=== WHAT YOU WILL DO ===
Report, as a bare number, how many lines of the entries below contain "user".

### THE DATA

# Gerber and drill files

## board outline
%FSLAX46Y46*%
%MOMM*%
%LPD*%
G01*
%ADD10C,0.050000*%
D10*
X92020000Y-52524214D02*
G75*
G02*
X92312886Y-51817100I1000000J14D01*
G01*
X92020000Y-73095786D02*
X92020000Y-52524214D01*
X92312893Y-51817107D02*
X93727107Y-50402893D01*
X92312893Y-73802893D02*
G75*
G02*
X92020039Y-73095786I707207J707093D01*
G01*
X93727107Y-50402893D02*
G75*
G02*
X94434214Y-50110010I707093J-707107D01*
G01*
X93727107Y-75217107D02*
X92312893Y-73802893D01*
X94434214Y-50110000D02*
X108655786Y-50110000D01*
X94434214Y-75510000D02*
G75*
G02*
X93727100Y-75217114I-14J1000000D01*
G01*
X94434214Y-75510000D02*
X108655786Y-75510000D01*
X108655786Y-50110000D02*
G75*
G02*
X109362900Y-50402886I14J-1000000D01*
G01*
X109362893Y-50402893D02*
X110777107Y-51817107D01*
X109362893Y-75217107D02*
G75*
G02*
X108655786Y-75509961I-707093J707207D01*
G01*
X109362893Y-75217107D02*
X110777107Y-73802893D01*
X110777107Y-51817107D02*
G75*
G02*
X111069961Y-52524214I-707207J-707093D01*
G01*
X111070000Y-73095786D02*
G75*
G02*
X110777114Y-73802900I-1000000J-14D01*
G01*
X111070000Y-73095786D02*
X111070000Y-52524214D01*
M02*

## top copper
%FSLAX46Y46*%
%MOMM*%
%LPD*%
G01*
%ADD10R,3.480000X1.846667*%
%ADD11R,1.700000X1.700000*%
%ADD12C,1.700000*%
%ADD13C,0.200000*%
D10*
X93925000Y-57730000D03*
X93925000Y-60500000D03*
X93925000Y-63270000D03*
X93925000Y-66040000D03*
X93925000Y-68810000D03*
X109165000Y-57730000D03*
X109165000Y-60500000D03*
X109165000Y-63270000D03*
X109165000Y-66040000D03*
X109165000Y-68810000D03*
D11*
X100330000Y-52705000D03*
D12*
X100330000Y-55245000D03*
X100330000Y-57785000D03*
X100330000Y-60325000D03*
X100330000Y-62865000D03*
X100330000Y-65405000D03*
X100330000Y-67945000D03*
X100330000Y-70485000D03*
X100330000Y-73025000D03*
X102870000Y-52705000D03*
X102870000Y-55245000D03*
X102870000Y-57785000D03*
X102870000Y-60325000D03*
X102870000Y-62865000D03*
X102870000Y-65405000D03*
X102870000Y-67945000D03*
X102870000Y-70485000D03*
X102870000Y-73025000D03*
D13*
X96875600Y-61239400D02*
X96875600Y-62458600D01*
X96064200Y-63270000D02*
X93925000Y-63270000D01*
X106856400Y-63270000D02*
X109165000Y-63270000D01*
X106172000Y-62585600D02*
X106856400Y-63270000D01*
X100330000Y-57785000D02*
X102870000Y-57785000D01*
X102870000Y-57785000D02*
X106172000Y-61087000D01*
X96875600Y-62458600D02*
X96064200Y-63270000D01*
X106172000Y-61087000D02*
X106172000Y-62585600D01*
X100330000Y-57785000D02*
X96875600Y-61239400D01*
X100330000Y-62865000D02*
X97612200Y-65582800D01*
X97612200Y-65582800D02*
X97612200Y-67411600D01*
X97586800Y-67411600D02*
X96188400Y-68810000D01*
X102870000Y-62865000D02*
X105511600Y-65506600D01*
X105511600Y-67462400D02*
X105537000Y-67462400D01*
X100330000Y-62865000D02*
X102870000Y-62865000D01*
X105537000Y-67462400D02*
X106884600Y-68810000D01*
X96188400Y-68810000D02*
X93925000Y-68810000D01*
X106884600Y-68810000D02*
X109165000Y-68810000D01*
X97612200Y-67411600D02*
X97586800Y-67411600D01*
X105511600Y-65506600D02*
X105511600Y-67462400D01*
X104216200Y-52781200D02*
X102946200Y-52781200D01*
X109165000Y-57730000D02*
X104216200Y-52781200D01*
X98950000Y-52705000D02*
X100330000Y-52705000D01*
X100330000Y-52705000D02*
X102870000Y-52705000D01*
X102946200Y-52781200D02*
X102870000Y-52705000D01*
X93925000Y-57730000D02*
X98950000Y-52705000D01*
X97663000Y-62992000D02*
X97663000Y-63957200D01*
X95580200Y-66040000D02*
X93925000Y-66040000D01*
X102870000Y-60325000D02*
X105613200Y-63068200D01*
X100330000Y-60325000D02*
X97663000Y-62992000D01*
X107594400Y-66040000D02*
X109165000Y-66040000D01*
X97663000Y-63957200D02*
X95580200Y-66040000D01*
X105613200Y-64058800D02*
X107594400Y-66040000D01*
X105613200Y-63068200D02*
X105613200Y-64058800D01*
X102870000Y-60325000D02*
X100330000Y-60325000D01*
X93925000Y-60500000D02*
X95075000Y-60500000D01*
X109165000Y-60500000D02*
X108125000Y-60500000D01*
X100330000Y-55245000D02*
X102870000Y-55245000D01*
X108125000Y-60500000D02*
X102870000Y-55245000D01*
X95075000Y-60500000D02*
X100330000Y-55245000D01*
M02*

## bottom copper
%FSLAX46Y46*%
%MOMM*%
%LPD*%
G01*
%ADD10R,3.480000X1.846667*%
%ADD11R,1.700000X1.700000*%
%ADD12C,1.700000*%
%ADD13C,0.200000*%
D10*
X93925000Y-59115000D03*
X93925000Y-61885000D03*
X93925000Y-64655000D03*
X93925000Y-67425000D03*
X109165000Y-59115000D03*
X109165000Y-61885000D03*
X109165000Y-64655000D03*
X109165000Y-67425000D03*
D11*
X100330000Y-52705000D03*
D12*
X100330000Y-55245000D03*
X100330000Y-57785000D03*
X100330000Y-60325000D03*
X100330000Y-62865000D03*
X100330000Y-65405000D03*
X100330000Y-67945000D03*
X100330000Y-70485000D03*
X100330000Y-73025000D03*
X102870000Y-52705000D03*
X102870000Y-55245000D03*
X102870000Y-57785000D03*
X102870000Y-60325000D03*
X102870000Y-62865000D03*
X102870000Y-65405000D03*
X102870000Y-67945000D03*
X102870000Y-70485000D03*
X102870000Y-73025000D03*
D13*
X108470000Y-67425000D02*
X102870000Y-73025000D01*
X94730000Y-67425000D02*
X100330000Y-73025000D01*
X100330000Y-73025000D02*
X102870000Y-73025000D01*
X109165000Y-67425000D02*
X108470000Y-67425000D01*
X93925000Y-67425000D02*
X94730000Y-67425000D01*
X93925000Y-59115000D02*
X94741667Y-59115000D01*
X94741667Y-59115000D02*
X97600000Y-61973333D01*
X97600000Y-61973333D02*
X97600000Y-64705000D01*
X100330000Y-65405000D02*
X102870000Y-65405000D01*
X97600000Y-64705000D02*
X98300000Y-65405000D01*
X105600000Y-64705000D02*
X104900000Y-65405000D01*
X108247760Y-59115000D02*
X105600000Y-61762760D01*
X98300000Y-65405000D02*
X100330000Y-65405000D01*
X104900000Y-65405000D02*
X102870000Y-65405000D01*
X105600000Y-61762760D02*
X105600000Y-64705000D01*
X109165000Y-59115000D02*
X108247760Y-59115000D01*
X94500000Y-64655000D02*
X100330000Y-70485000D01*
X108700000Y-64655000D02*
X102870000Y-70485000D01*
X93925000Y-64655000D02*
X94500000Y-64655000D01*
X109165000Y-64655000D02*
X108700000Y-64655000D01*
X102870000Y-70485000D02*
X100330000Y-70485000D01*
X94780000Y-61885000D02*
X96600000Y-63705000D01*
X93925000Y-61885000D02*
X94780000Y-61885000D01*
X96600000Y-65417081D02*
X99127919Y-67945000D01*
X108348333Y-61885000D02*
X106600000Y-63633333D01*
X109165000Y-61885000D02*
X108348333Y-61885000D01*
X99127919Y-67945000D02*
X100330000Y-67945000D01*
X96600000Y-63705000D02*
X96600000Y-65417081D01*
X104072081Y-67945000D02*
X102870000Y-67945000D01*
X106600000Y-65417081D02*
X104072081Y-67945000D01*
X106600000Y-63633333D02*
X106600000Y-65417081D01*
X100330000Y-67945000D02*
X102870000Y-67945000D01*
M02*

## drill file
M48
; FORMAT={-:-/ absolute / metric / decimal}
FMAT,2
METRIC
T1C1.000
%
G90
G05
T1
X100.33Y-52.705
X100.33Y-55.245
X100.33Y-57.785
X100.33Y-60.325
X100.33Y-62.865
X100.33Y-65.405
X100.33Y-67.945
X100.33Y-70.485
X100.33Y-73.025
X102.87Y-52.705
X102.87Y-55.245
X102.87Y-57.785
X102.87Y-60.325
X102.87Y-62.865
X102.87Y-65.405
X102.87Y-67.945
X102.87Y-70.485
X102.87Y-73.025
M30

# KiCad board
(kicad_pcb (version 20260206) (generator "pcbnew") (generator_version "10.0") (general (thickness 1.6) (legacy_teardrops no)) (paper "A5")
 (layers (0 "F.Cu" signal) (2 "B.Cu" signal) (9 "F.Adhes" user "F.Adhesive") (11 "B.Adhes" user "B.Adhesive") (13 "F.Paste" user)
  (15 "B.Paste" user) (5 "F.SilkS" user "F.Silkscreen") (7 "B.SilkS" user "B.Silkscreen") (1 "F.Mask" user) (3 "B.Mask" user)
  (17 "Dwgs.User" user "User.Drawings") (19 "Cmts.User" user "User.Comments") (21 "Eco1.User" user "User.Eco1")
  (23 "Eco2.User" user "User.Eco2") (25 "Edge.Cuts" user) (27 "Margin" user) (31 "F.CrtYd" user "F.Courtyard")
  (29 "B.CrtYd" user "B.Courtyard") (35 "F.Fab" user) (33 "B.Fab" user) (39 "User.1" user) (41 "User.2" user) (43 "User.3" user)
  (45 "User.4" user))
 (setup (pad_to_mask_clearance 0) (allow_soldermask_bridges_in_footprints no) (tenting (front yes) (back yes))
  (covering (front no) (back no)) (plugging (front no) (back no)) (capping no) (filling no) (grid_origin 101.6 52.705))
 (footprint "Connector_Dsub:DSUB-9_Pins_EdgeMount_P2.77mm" (layer "F.Cu") (at 93.925 63.27 -90)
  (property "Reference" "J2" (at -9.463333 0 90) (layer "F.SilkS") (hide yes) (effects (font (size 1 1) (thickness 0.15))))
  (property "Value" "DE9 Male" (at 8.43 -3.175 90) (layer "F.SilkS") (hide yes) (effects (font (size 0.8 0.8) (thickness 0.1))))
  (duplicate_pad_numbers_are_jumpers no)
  (pad "1" smd rect (at -5.54 0 270) (size 1.846667 3.48) (layers "F.Cu" "F.Mask" "F.Paste") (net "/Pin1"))
  (pad "2" smd rect (at -2.77 0 270) (size 1.846667 3.48) (layers "F.Cu" "F.Mask" "F.Paste") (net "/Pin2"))
  (pad "3" smd rect (at 0 0 270) (size 1.846667 3.48) (layers "F.Cu" "F.Mask" "F.Paste") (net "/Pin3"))
  (pad "4" smd rect (at 2.77 0 270) (size 1.846667 3.48) (layers "F.Cu" "F.Mask" "F.Paste") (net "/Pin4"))
  (pad "5" smd rect (at 5.54 0 270) (size 1.846667 3.48) (layers "F.Cu" "F.Mask" "F.Paste") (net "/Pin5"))
  (pad "6" smd rect (at -4.155 0 270) (size 1.846667 3.48) (layers "B.Cu" "B.Mask" "B.Paste") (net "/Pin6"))
  (pad "7" smd rect (at -1.385 0 270) (size 1.846667 3.48) (layers "B.Cu" "B.Mask" "B.Paste") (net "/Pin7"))
  (pad "8" smd rect (at 1.385 0 270) (size 1.846667 3.48) (layers "B.Cu" "B.Mask" "B.Paste") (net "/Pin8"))
  (pad "9" smd rect (at 4.155 0 270) (size 1.846667 3.48) (layers "B.Cu" "B.Mask" "B.Paste") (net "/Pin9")))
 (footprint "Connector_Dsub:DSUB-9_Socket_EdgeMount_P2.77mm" (layer "F.Cu") (at 109.165 63.27 90)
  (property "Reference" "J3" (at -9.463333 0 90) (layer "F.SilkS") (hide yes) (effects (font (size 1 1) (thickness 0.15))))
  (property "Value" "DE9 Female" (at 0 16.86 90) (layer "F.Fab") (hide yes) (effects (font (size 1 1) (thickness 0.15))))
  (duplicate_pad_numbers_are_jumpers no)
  (pad "1" smd rect (at 5.54 0 90) (size 1.846667 3.48) (layers "F.Cu" "F.Mask" "F.Paste") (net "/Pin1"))
  (pad "2" smd rect (at 2.77 0 90) (size 1.846667 3.48) (layers "F.Cu" "F.Mask" "F.Paste") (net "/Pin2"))
  (pad "3" smd rect (at 0 0 90) (size 1.846667 3.48) (layers "F.Cu" "F.Mask" "F.Paste") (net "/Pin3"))
  (pad "4" smd rect (at -2.77 0 90) (size 1.846667 3.48) (layers "F.Cu" "F.Mask" "F.Paste") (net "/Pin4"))
  (pad "5" smd rect (at -5.54 0 90) (size 1.846667 3.48) (layers "F.Cu" "F.Mask" "F.Paste") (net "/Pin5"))
  (pad "6" smd rect (at 4.155 0 90) (size 1.846667 3.48) (layers "B.Cu" "B.Mask" "B.Paste") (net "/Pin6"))
  (pad "7" smd rect (at 1.385 0 90) (size 1.846667 3.48) (layers "B.Cu" "B.Mask" "B.Paste") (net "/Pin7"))
  (pad "8" smd rect (at -1.385 0 90) (size 1.846667 3.48) (layers "B.Cu" "B.Mask" "B.Paste") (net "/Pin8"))
  (pad "9" smd rect (at -4.155 0 90) (size 1.846667 3.48) (layers "B.Cu" "B.Mask" "B.Paste") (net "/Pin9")))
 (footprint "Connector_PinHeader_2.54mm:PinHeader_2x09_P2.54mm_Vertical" (layer "F.Cu") (at 100.33 52.705)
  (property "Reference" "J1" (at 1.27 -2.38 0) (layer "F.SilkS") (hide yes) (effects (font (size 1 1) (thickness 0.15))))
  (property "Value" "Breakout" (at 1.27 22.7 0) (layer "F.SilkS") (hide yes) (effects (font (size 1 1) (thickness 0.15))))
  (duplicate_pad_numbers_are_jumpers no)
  (pad "a1" thru_hole rect (at 0 0) (size 1.7 1.7) (drill 1) (layers "*.Cu" "*.Mask") (remove_unused_layers no) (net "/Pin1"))
  (pad "a2" thru_hole circle (at 0 2.54) (size 1.7 1.7) (drill 1) (layers "*.Cu" "*.Mask") (remove_unused_layers no) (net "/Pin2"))
  (pad "a3" thru_hole circle (at 0 5.08) (size 1.7 1.7) (drill 1) (layers "*.Cu" "*.Mask") (remove_unused_layers no) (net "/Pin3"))
  (pad "a4" thru_hole circle (at 0 7.62) (size 1.7 1.7) (drill 1) (layers "*.Cu" "*.Mask") (remove_unused_layers no) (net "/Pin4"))
  (pad "a5" thru_hole circle (at 0 10.16) (size 1.7 1.7) (drill 1) (layers "*.Cu" "*.Mask") (remove_unused_layers no) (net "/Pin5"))
  (pad "a6" thru_hole circle (at 0 12.7) (size 1.7 1.7) (drill 1) (layers "*.Cu" "*.Mask") (remove_unused_layers no) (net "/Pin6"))
  (pad "a7" thru_hole circle (at 0 15.24) (size 1.7 1.7) (drill 1) (layers "*.Cu" "*.Mask") (remove_unused_layers no) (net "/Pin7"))
  (pad "a8" thru_hole circle (at 0 17.78) (size 1.7 1.7) (drill 1) (layers "*.Cu" "*.Mask") (remove_unused_layers no) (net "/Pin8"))
  (pad "a9" thru_hole circle (at 0 20.32) (size 1.7 1.7) (drill 1) (layers "*.Cu" "*.Mask") (remove_unused_layers no) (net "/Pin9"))
  (pad "b1" thru_hole circle (at 2.54 0) (size 1.7 1.7) (drill 1) (layers "*.Cu" "*.Mask") (remove_unused_layers no) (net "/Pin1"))
  (pad "b2" thru_hole circle (at 2.54 2.54) (size 1.7 1.7) (drill 1) (layers "*.Cu" "*.Mask") (remove_unused_layers no) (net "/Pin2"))
  (pad "b3" thru_hole circle (at 2.54 5.08) (size 1.7 1.7) (drill 1) (layers "*.Cu" "*.Mask") (remove_unused_layers no) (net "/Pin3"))
  (pad "b4" thru_hole circle (at 2.54 7.62) (size 1.7 1.7) (drill 1) (layers "*.Cu" "*.Mask") (remove_unused_layers no) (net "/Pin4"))
  (pad "b5" thru_hole circle (at 2.54 10.16) (size 1.7 1.7) (drill 1) (layers "*.Cu" "*.Mask") (remove_unused_layers no) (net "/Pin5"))
  (pad "b6" thru_hole circle (at 2.54 12.7) (size 1.7 1.7) (drill 1) (layers "*.Cu" "*.Mask") (remove_unused_layers no) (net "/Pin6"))
  (pad "b7" thru_hole circle (at 2.54 15.24) (size 1.7 1.7) (drill 1) (layers "*.Cu" "*.Mask") (remove_unused_layers no) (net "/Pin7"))
  (pad "b8" thru_hole circle (at 2.54 17.78) (size 1.7 1.7) (drill 1) (layers "*.Cu" "*.Mask") (remove_unused_layers no) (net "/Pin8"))
  (pad "b9" thru_hole circle (at 2.54 20.32) (size 1.7 1.7) (drill 1) (layers "*.Cu" "*.Mask") (remove_unused_layers no) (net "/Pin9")))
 (gr_arc (start 92.02 52.524214) (mid 92.09612 52.141531) (end 92.312893 51.817107) (stroke (width 0.05) (type default)) (layer "Edge.Cuts"))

######

=== SOLUTION TO THIS EXERCISE ===
6